Pulitzer Prize-winning novelist Viet Thanh Nguyen Releases New Sequel, "The Committed

Pulitzer Prize-winning novelist Viet Thanh Nguyen Releases New Sequel, "The Committed

Header Photo courtesy of the John D. & Catherine T. MacArthur Foundation

Written By: Isa Gonzalez Montilla

 

Vietnamese Refugee and award-winning author, Viet Thanh Nguyen, presented to us, “the man of two faces and two minds” in his debut novel, The Sympathizer. This Pulitzer-award-winning fiction tells the story of a communist North Vietnamese spy working as a top and personal aid to a South Vietnamese general. After the fall of Saigon, this nameless double agent goes off to live in Southern California in a South Vietnamese community where he finds himself being tortured by his best friend, Bon, and former general in a Communist re-education camp. 

 

The story plot introduces a new perspective that is not ordinarily seen through pieces of literature that come out of the Vietnam War. This no-named spy, who is also the protagonist-narrator of the story, is a mole who has been directed to keep a close eye on the chief of South Vietnam’s National Police, as well as the Special Branch, also known as the secret police.

 

Since millions around the world enjoyed The Sympathizer, Nguyen wanted to continue telling his story through a Vietnamese perspective in a sequel titled The Committed. This story was made to combat other misconceptions and misunderstandings people have about those who are refugees themselves. 

 

The Committed continues this man’s story and adventures but in another setting: Paris, France. As Alexandra Alter said in a New York Times article, the second part of this novel focuses on topics like “individual and collective identity and memory, how wars are memorialized, whose war stories get told, and what happens when abstract political ideologies are clumsily deployed in the real world”. This book was written so that people could realize those who leave their countries are actually heroic rather than “boat-people” as Nguyen would say. 

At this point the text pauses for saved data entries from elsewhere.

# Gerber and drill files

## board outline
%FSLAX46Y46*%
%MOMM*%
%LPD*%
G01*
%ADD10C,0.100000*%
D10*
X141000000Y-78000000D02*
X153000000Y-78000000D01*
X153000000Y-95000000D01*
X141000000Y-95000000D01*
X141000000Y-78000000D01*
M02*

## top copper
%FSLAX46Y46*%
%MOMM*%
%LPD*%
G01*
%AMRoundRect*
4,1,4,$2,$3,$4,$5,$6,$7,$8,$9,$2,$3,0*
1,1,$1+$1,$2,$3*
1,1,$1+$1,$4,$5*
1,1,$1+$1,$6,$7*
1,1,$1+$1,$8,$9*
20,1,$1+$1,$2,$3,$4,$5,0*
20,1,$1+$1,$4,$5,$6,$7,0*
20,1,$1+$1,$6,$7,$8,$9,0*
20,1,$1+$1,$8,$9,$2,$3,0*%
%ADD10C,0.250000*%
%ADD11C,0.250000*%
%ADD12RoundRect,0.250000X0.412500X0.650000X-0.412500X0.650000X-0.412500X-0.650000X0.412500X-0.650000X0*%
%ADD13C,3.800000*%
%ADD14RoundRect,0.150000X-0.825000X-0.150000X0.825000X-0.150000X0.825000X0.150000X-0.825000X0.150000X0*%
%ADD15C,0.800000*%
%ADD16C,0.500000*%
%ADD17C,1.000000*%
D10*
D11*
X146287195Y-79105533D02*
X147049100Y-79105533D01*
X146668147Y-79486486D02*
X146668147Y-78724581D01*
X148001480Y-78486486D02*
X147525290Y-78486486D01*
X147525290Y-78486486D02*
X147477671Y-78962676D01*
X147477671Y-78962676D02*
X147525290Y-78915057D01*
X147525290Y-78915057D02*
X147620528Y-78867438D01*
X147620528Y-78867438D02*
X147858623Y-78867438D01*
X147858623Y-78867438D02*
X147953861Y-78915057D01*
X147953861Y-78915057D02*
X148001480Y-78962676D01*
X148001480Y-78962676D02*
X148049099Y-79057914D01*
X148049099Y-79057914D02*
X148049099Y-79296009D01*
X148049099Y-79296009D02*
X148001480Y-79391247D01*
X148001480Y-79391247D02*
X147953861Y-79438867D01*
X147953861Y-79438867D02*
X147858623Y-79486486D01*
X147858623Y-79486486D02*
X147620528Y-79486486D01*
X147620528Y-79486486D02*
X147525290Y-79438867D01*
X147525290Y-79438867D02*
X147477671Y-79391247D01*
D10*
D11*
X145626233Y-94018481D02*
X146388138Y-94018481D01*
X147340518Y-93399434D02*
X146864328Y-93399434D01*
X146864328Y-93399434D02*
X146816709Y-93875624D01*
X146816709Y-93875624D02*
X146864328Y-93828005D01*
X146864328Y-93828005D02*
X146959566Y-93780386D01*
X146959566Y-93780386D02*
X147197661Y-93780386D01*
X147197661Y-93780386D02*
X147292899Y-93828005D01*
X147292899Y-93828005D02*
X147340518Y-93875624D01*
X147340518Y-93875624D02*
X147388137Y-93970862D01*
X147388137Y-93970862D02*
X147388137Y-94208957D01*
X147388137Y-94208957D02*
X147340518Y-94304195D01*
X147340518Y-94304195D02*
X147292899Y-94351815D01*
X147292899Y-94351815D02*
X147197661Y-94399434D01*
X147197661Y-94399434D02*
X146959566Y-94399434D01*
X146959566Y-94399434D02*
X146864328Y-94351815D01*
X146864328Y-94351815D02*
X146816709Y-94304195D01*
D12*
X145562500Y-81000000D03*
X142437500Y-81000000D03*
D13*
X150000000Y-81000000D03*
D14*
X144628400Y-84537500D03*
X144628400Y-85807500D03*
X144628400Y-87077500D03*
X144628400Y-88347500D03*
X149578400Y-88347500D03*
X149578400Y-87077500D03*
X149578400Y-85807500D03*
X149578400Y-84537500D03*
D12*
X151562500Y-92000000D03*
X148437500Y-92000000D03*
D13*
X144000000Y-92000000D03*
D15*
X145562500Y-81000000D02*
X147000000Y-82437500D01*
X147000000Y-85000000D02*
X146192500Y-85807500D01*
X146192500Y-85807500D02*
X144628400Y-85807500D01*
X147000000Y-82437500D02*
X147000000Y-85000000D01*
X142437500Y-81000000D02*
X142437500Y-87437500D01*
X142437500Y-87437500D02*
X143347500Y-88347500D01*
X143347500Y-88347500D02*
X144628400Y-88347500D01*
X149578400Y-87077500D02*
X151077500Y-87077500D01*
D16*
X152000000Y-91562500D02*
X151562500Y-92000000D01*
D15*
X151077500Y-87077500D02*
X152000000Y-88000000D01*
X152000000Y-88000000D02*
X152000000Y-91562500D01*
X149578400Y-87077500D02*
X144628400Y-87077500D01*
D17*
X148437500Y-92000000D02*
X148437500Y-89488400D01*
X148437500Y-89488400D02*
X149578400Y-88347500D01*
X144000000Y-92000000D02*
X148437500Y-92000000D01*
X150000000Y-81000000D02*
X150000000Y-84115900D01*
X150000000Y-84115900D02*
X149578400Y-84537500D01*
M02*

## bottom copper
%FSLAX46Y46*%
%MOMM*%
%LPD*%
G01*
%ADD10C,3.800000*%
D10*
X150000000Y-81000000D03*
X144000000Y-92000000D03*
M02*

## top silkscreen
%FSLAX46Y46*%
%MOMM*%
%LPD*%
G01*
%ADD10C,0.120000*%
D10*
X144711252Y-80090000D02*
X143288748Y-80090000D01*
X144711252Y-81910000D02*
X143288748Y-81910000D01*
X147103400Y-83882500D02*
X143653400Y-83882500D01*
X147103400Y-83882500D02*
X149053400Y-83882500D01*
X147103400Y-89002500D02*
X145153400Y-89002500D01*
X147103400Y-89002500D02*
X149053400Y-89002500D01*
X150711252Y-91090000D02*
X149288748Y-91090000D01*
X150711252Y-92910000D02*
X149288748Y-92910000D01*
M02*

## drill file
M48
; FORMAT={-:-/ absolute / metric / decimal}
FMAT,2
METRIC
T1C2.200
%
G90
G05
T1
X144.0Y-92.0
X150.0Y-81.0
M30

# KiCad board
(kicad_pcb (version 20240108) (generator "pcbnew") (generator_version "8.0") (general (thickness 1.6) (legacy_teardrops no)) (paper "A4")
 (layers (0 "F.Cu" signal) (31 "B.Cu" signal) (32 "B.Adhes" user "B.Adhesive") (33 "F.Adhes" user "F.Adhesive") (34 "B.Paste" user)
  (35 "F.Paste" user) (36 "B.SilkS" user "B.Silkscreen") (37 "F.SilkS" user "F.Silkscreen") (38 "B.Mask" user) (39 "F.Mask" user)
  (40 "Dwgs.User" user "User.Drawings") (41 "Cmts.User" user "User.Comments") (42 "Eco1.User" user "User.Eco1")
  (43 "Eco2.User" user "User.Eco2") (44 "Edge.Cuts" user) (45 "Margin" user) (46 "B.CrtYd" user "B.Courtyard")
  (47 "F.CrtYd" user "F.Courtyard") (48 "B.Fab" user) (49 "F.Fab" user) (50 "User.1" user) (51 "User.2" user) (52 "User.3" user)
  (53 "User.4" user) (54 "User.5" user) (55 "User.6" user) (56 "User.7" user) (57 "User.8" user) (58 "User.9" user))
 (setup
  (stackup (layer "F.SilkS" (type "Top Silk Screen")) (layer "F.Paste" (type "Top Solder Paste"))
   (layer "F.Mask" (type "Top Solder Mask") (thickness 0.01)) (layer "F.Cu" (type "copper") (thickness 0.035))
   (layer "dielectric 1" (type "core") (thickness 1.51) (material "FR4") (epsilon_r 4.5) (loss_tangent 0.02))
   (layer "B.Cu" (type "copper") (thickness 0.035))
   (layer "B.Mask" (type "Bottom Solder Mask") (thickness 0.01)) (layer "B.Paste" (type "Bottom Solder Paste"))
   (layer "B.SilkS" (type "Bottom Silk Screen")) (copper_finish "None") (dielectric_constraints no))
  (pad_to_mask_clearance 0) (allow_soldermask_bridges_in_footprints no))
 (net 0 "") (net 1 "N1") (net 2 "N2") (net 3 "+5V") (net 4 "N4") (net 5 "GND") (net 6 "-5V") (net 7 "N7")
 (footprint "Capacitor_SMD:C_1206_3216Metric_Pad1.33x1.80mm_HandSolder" (layer "F.Cu") (at 144 81 180)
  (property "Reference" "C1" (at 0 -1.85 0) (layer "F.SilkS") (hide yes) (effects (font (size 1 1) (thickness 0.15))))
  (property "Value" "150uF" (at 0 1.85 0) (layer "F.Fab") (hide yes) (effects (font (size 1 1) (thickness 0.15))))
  (fp_line (start -0.711252 0.91) (end 0.711252 0.91) (stroke (width 0.12) (type solid)) (layer "F.SilkS"))
  (fp_line (start -0.711252 -0.91) (end 0.711252 -0.91) (stroke (width 0.12) (type solid)) (layer "F.SilkS"))
  (pad "1" smd roundrect (at -1.5625 0 180) (size 1.325 1.8) (layers "F.Cu" "F.Paste" "F.Mask") (roundrect_rratio 0.1886792453) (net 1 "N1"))
  (pad "2" smd roundrect (at 1.5625 0 180) (size 1.325 1.8) (layers "F.Cu" "F.Paste" "F.Mask") (roundrect_rratio 0.1886792453) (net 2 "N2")))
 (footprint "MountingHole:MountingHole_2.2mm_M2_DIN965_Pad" (layer "F.Cu") (at 150 81)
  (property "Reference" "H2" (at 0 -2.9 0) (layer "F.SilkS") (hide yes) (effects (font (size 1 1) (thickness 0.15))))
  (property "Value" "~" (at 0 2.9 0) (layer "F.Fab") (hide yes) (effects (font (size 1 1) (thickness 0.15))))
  (pad "1" thru_hole circle (at 0 0) (size 3.8 3.8) (drill 2.2) (layers "*.Cu" "*.Mask") (remove_unused_layers no) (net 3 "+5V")))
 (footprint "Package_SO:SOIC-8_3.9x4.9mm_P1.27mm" (layer "F.Cu") (at 147.1034 86.4425)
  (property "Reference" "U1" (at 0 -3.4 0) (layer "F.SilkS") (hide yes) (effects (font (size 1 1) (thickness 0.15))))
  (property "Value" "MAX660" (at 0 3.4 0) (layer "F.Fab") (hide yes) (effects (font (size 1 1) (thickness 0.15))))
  (fp_line (start 0 -2.56) (end -3.45 -2.56) (stroke (width 0.12) (type solid)) (layer "F.SilkS"))
  (fp_line (start 0 -2.56) (end 1.95 -2.56) (stroke (width 0.12) (type solid)) (layer "F.SilkS"))
  (fp_line (start 0 2.56) (end -1.95 2.56) (stroke (width 0.12) (type solid)) (layer "F.SilkS"))
  (fp_line (start 0 2.56) (end 1.95 2.56) (stroke (width 0.12) (type solid)) (layer "F.SilkS"))
  (pad "1" smd roundrect (at -2.475 -1.905) (size 1.95 0.6) (layers "F.Cu" "F.Paste" "F.Mask") (roundrect_rratio 0.25) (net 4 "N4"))
  (pad "2" smd roundrect (at -2.475 -0.635) (size 1.95 0.6) (layers "F.Cu" "F.Paste" "F.Mask") (roundrect_rratio 0.25) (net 1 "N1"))
  (pad "3" smd roundrect (at -2.475 0.635) (size 1.95 0.6) (layers "F.Cu" "F.Paste" "F.Mask") (roundrect_rratio 0.25) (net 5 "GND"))
  (pad "4" smd roundrect (at -2.475 1.905) (size 1.95 0.6) (layers "F.Cu" "F.Paste" "F.Mask") (roundrect_rratio 0.25) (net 2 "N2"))
  (pad "5" smd roundrect (at 2.475 1.905) (size 1.95 0.6) (layers "F.Cu" "F.Paste" "F.Mask") (roundrect_rratio 0.25) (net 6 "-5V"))
  (pad "6" smd roundrect (at 2.475 0.635) (size 1.95 0.6) (layers "F.Cu" "F.Paste" "F.Mask") (roundrect_rratio 0.25) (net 5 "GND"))
  (pad "7" smd roundrect (at 2.475 -0.635) (size 1.95 0.6) (layers "F.Cu" "F.Paste" "F.Mask") (roundrect_rratio 0.25) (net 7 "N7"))
  (pad "8" smd roundrect (at 2.475 -1.905) (size 1.95 0.6) (layers "F.Cu" "F.Paste" "F.Mask") (roundrect_rratio 0.25) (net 3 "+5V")))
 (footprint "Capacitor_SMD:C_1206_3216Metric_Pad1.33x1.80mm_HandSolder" (layer "F.Cu") (at 150 92 180)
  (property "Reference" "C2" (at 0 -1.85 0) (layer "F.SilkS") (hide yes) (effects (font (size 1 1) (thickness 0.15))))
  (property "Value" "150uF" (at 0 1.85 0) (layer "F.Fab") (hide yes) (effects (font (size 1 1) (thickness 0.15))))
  (fp_line (start -0.711252 0.91) (end 0.711252 0.91) (stroke (width 0.12) (type solid)) (layer "F.SilkS"))
  (fp_line (start -0.711252 -0.91) (end 0.711252 -0.91) (stroke (width 0.12) (type solid)) (layer "F.SilkS"))
  (pad "1" smd roundrect (at -1.5625 0 180) (size 1.325 1.8) (layers "F.Cu" "F.Paste" "F.Mask") (roundrect_rratio 0.1886792453)
   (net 5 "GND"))
  (pad "2" smd roundrect (at 1.5625 0 180) (size 1.325 1.8) (layers "F.Cu" "F.Paste" "F.Mask") (roundrect_rratio 0.1886792453) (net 6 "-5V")))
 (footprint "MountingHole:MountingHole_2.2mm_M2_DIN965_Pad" (layer "F.Cu") (at 144 92)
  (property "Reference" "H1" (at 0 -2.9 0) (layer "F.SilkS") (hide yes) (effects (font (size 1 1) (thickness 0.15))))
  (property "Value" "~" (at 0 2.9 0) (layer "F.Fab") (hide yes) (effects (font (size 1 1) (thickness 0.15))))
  (pad "1" thru_hole circle (at 0 0) (size 3.8 3.8) (drill 2.2) (layers "*.Cu" "*.Mask") (remove_unused_layers no) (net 6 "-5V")))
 (gr_rect (start 141 78) (end 153 95) (stroke (width 0.1) (type default)) (fill none) (layer "Edge.Cuts"))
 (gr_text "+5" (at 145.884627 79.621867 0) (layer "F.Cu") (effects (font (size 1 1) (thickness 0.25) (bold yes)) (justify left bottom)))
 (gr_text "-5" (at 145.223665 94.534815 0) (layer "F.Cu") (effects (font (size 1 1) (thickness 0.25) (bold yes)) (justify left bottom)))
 (segment (start 145.5625 81) (end 147 82.4375) (width 0.8) (layer "F.Cu") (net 1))
 (segment (start 147 85) (end 146.1925 85.8075) (width 0.8) (layer "F.Cu") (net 1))
 (segment (start 146.1925 85.8075) (end 144.6284 85.8075) (width 0.8) (layer "F.Cu") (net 1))
 (segment (start 147 82.4375) (end 147 85) (width 0.8) (layer "F.Cu") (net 1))
 (segment (start 142.4375 81) (end 142.4375 87.4375) (width 0.8) (layer "F.Cu") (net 2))
 (segment (start 142.4375 87.4375) (end 143.3475 88.3475) (width 0.8) (layer "F.Cu") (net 2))
 (segment (start 143.3475 88.3475) (end 144.6284 88.3475) (width 0.8) (layer "F.Cu") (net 2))
 (segment (start 149.5784 87.0775) (end 151.0775 87.0775) (width 0.8) (layer "F.Cu") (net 5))
 (segment (start 152 91.5625) (end 151.5625 92) (width 0.5) (layer "F.Cu") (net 5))
 (segment (start 151.0775 87.0775) (end 152 88) (width 0.8) (layer "F.Cu") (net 5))
 (segment (start 152 88) (end 152 91.5625) (width 0.8) (layer "F.Cu") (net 5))
 (segment (start 149.5784 87.0775) (end 144.6284 87.0775) (width 0.8) (layer "F.Cu") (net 5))
 (segment (start 148.4375 92) (end 148.4375 89.4884) (width 1) (layer "F.Cu") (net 6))
 (segment (start 148.4375 89.4884) (end 149.5784 88.3475) (width 1) (layer "F.Cu") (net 6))
 (segment (start 144 92) (end 148.4375 92) (width 1) (layer "F.Cu") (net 6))
 (segment (start 150 81) (end 150 84.1159) (width 1) (layer "F.Cu") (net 3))
 (segment (start 150 84.1159) (end 149.5784 84.5375) (width 1) (layer "F.Cu") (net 3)))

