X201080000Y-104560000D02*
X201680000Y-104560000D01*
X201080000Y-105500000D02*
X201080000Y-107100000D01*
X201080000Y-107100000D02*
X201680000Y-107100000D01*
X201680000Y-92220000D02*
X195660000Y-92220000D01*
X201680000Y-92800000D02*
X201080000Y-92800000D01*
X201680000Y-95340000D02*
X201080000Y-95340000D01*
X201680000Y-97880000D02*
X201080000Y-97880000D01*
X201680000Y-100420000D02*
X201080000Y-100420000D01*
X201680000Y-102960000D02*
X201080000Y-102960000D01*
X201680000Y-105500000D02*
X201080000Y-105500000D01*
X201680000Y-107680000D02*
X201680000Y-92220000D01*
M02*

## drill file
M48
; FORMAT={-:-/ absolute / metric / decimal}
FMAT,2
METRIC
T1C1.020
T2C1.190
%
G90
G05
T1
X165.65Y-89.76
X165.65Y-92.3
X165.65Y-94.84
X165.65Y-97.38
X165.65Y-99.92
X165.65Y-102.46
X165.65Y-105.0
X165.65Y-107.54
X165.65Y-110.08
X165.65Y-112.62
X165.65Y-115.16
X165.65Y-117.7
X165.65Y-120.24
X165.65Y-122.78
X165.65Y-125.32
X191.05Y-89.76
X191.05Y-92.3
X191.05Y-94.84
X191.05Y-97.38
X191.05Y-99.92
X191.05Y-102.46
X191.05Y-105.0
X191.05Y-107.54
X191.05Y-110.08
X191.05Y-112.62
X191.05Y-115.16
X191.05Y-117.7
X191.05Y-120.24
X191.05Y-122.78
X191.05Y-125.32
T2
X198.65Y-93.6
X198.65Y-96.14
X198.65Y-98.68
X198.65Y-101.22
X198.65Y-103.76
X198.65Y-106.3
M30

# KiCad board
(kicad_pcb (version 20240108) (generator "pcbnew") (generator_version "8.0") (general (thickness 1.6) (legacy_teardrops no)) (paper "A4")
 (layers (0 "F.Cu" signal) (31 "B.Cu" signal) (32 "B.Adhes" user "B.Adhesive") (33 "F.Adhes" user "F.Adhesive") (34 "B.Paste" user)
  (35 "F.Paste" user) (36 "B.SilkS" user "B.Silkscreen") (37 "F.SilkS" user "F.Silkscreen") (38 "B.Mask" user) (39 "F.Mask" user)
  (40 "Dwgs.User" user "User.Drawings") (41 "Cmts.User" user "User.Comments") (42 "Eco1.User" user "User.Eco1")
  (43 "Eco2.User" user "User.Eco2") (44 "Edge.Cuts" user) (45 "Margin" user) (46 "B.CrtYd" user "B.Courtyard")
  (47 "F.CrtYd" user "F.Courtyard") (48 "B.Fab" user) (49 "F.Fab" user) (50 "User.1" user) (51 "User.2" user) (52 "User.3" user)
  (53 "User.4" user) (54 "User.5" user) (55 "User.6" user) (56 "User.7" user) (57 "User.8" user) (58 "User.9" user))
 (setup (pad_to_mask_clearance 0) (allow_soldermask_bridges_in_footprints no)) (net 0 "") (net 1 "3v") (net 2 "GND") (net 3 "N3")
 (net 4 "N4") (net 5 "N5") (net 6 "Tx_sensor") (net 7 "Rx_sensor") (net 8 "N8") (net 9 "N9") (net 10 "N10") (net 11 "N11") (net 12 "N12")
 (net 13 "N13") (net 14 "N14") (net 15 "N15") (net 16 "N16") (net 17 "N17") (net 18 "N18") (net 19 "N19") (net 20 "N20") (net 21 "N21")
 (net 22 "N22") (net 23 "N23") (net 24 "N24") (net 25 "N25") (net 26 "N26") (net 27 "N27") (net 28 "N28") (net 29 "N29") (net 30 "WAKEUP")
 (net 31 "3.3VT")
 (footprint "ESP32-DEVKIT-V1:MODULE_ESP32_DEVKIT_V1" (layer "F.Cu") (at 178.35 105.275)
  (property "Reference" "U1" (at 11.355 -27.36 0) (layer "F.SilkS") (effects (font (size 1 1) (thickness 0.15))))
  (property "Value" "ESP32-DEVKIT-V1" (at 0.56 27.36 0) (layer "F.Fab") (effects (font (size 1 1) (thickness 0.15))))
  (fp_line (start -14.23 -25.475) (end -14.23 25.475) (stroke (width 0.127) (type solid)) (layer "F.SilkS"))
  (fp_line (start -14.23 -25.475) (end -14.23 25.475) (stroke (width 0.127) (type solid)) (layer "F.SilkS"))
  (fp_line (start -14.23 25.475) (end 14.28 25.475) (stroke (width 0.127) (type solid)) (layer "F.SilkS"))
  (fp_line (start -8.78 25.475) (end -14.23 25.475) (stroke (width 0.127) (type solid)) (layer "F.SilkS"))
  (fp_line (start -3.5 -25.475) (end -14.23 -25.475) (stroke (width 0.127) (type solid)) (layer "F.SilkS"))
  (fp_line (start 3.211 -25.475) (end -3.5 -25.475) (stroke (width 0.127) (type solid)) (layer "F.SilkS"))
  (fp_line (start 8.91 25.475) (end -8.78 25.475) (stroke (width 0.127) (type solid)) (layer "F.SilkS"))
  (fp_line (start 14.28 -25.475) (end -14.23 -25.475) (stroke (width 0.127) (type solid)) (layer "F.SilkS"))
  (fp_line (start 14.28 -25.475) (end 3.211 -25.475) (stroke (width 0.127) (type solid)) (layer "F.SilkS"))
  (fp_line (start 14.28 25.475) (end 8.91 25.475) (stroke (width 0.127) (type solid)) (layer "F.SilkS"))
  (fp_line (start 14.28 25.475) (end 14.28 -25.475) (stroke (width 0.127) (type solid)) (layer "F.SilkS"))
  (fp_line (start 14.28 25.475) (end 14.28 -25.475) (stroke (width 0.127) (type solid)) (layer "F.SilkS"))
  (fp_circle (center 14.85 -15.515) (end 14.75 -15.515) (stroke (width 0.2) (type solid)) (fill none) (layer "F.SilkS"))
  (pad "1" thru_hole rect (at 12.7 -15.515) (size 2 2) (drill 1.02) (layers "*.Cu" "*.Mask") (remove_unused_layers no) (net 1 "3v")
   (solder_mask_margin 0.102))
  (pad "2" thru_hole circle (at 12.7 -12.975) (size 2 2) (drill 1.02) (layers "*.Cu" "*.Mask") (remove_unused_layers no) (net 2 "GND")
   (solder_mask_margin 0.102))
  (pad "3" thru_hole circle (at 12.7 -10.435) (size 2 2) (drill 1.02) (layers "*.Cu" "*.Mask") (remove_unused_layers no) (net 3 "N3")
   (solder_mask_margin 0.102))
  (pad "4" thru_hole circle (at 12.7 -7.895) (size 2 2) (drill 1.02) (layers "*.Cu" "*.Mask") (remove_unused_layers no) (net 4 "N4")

Viet Thanh Nguyen is from Vietnam but fled the country when he was four years old. He is the son of a young teenage North Vietnamese mother and a Catholic father who was also a colonialist at the time. While his father was often out of the picture, he spent most of his time with his mother. This experience, one he remembers in a traumatic way, has molded his creative tendencies as an author. The Sympathizer and The Committed have both been inspired by his childhood. Nguyen has said that growing up as a Vietnamese refugee in The United States was like constantly growing up as a spy. When he was at home, he felt like an American spy in a Vietnamese household, and when he was out of the house, he felt like a Vietnamese spy in an American environment. This book is a great example of how a multicultural household can help an individual form a unique perspective on the world. To be able to look through another person’s perspective on the world is very important to our development as a global community because embracing diversity will help us become more united and peaceful as a planet.